=== WHAT THE EXERCISE ASKS ===
From the first line onward, reproduce the records exactly; the final line to include is the one holding "(fp_text reference J5".

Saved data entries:
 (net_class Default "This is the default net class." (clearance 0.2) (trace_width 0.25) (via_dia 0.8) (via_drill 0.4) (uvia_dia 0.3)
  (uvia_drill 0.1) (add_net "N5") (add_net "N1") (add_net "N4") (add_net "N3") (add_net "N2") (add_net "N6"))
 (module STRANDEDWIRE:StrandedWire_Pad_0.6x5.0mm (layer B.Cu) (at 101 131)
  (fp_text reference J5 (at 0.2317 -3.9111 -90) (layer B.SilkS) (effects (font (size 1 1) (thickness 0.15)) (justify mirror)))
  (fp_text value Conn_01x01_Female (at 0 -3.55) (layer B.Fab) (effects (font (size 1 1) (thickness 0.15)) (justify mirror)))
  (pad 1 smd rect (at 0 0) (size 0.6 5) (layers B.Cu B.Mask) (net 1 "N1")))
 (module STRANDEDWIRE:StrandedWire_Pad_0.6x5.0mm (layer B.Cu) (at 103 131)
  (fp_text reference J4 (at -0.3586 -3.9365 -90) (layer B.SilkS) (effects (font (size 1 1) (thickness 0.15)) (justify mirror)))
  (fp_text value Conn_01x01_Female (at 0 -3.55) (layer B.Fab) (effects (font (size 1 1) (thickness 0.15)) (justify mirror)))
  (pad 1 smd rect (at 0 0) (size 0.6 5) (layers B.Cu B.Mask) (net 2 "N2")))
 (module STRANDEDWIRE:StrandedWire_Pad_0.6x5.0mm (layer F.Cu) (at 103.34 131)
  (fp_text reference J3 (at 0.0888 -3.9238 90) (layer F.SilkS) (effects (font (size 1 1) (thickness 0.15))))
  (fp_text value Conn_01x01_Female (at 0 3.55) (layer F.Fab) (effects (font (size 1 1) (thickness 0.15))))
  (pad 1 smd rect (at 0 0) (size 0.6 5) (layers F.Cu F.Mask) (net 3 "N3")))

=== SOLUTION FOR THIS TASK ===
 (net_class Default "This is the default net class." (clearance 0.2) (trace_width 0.25) (via_dia 0.8) (via_drill 0.4) (uvia_dia 0.3)
  (uvia_drill 0.1) (add_net "N5") (add_net "N1") (add_net "N4") (add_net "N3") (add_net "N2") (add_net "N6"))
 (module STRANDEDWIRE:StrandedWire_Pad_0.6x5.0mm (layer B.Cu) (at 101 131)
  (fp_text reference J5 (at 0.2317 -3.9111 -90) (layer B.SilkS) (effects (font (size 1 1) (thickness 0.15)) (justify mirror)))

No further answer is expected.